Some products are self evident. Quality of performance and overall advantages over any other of its type is apparent in use, but often the household name of the producer is enough to provide the attraction. Luckily, the market names of respect, ensure that quality does most of the job, but even these, from a public relations view point, leave a lot to be desired when the brand itself suffers considerably in the hands of those suppliers who fail to provide the client service one would expect. Sometimes, a form of negative sales approach provided by a supplier, covers a desire to switch attention to other less favourable products which provide better margins. Public relations techniques therefore often have to offer the buying public, information that goes beyond the basic qualities of the product. It sometimes has to define the absence of such in the most immediate competitor.

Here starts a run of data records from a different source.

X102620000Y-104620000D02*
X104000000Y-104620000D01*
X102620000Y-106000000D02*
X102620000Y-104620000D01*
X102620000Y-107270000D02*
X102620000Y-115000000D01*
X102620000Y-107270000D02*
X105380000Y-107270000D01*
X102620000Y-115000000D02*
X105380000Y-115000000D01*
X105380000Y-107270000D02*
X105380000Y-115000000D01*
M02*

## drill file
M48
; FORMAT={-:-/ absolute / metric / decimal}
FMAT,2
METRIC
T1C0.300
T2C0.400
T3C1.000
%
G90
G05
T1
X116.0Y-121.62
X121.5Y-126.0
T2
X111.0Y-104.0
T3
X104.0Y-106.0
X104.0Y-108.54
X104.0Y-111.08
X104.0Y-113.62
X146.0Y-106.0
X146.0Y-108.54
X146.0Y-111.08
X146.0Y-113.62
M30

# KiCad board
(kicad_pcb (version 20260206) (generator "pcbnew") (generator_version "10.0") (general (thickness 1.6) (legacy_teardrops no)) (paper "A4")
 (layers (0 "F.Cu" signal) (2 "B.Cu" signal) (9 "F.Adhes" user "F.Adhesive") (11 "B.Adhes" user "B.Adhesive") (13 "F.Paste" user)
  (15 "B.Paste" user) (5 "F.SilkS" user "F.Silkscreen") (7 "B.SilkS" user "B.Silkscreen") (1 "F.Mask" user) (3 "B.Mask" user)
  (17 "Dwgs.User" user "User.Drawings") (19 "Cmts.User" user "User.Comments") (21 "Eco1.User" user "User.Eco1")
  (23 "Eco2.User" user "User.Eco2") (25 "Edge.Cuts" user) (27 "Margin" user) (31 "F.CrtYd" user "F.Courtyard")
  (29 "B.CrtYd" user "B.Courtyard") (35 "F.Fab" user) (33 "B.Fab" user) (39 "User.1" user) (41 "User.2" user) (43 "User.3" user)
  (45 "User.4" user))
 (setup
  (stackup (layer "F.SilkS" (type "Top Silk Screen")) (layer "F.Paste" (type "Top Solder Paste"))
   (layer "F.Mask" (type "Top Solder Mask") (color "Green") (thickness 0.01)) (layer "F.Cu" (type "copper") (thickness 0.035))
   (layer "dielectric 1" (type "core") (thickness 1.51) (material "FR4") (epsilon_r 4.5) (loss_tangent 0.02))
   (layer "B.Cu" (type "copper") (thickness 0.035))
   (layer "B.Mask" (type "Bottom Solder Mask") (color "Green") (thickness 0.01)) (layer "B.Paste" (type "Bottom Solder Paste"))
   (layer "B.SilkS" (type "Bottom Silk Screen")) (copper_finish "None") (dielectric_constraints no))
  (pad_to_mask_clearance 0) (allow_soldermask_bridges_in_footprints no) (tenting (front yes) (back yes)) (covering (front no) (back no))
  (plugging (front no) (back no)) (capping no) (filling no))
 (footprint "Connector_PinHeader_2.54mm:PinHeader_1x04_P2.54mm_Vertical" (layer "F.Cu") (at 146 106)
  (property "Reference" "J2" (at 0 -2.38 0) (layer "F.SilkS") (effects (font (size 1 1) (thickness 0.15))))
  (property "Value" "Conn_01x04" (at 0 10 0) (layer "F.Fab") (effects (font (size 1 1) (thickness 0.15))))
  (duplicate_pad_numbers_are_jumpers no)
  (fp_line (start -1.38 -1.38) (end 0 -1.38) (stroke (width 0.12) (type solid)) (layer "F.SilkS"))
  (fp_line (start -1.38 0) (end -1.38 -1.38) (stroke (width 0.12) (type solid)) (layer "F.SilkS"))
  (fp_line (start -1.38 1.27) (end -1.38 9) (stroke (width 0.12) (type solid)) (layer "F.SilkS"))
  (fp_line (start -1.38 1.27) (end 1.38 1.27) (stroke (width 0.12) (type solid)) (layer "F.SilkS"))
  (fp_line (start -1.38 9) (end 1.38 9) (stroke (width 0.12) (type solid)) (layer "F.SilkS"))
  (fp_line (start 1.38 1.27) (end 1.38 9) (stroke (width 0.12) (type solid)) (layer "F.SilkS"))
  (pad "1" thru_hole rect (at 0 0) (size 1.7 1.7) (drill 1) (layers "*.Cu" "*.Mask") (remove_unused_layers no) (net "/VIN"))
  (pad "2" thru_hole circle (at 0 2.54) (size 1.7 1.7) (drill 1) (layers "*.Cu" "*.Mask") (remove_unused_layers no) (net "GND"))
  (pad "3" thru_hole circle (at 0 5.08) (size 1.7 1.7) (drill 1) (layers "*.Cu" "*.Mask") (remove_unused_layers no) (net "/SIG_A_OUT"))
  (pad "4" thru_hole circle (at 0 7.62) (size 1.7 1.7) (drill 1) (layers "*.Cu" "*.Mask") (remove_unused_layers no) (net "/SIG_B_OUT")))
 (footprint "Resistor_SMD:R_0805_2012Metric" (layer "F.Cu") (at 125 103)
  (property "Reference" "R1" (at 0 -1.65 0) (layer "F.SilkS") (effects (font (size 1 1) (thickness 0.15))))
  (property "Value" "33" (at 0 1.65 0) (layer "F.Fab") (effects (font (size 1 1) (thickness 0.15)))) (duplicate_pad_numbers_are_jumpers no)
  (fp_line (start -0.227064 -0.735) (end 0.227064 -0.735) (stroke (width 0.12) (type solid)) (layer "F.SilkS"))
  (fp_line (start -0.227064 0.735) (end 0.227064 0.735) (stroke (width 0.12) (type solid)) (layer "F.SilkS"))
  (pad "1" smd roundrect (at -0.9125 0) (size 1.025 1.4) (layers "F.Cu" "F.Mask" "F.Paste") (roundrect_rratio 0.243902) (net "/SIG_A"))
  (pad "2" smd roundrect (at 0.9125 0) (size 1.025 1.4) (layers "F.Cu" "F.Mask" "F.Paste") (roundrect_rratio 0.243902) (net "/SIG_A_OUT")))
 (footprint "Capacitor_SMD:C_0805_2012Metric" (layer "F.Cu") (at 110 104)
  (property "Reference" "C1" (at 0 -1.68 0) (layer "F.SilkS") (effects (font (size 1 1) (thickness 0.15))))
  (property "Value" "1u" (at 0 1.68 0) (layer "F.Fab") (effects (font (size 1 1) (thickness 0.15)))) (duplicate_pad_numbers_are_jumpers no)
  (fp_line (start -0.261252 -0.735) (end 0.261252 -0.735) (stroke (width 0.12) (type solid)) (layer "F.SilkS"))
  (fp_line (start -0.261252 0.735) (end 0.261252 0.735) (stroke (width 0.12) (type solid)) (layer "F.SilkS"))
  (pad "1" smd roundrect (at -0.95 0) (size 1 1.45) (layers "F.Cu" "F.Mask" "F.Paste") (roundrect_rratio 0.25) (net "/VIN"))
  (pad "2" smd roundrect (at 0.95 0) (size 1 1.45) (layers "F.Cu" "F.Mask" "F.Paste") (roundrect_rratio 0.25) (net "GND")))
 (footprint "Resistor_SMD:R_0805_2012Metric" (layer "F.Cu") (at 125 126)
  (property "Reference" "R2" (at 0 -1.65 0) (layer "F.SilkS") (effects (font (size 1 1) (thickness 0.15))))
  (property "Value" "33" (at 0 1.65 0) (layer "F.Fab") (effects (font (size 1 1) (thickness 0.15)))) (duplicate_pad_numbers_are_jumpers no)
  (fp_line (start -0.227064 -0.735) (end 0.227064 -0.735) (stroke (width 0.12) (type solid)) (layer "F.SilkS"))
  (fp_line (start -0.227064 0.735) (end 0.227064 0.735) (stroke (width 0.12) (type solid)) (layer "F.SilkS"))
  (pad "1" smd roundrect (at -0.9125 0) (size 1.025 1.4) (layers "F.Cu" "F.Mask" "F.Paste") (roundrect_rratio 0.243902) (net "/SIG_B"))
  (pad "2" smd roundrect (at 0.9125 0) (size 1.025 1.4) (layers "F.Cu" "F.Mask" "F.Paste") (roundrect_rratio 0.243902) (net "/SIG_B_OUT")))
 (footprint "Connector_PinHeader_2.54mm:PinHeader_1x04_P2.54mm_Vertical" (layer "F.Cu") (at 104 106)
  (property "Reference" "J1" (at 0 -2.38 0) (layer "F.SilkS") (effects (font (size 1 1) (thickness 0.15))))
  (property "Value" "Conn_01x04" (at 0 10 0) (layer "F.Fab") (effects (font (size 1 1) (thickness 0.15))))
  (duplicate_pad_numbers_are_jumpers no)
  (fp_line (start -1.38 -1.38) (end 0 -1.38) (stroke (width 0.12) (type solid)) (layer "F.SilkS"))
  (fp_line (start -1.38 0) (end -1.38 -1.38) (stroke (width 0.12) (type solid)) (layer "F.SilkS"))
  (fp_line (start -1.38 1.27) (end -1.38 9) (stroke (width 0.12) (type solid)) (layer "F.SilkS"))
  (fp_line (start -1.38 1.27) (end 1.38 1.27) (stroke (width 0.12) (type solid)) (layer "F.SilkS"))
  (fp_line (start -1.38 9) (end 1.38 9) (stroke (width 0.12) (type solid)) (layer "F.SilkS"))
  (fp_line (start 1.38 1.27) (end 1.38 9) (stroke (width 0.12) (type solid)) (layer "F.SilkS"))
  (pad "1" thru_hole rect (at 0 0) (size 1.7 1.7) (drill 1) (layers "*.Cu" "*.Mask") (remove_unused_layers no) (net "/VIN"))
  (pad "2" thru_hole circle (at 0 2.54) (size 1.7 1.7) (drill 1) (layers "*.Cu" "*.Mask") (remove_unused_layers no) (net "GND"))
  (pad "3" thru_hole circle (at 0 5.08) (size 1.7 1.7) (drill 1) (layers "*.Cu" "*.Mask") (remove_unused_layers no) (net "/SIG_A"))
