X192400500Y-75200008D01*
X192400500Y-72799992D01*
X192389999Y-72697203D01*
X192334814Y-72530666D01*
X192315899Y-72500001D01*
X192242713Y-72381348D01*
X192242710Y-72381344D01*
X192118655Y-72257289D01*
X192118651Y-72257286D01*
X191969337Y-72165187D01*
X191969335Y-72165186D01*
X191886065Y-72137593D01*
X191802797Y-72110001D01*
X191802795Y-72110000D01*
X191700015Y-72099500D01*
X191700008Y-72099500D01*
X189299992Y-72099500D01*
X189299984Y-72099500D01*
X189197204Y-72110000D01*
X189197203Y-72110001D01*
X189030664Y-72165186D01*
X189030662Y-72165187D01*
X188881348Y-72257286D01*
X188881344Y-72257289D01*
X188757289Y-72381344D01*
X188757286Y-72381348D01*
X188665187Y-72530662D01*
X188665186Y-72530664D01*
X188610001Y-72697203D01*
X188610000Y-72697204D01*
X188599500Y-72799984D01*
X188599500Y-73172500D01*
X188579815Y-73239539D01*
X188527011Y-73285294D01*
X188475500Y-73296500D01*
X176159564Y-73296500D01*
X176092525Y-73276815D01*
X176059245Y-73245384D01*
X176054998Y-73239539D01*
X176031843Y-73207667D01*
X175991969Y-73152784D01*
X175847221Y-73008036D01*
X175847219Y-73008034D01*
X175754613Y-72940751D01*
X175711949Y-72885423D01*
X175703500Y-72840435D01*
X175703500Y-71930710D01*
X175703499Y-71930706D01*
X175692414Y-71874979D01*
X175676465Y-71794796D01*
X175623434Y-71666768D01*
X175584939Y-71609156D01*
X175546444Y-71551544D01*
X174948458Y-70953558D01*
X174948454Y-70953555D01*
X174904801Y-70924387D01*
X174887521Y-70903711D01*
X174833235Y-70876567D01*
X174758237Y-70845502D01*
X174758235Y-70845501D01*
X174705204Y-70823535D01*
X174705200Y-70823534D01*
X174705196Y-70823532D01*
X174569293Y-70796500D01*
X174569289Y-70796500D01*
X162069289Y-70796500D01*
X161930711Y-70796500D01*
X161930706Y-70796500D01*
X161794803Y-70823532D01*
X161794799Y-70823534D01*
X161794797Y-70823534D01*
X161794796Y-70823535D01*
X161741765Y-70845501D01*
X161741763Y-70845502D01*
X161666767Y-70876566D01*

It is here that the art of public relations, properly performed, scores well above the convenient design abused by those simply looking for the widest margin in the cheapest manufacturing cost. Today, many multinationals, look to countries like China to copy and produce high selling products which are often inserted in the market as the originals or cheaper competitor. The drop in quality of the basic materials to achieve market breaking prices, often result in throwaway, one use, rejects which have unfortunately been paid for at prices, often very close to the originals. This tactic is often described as “grey imports” and despite European protective legislation, for example, sit in most of the shelves of multinational outlets as their own versions. One of the trajedies of these malpractices is that the originators who spent years and millions into the perfection of a good product at the right price, often have to cut back in production unaware that their international sales are being sabotaged by the copy dealers. Neither are they aware that the seemingly identical product is a lower specification copy and that the they and dangerous, copy accessories, will taint the name in the public mind. Clearly, the art has a lot to get on with and particularly, as we shall see, when it is defined as a function and not an instrument of management.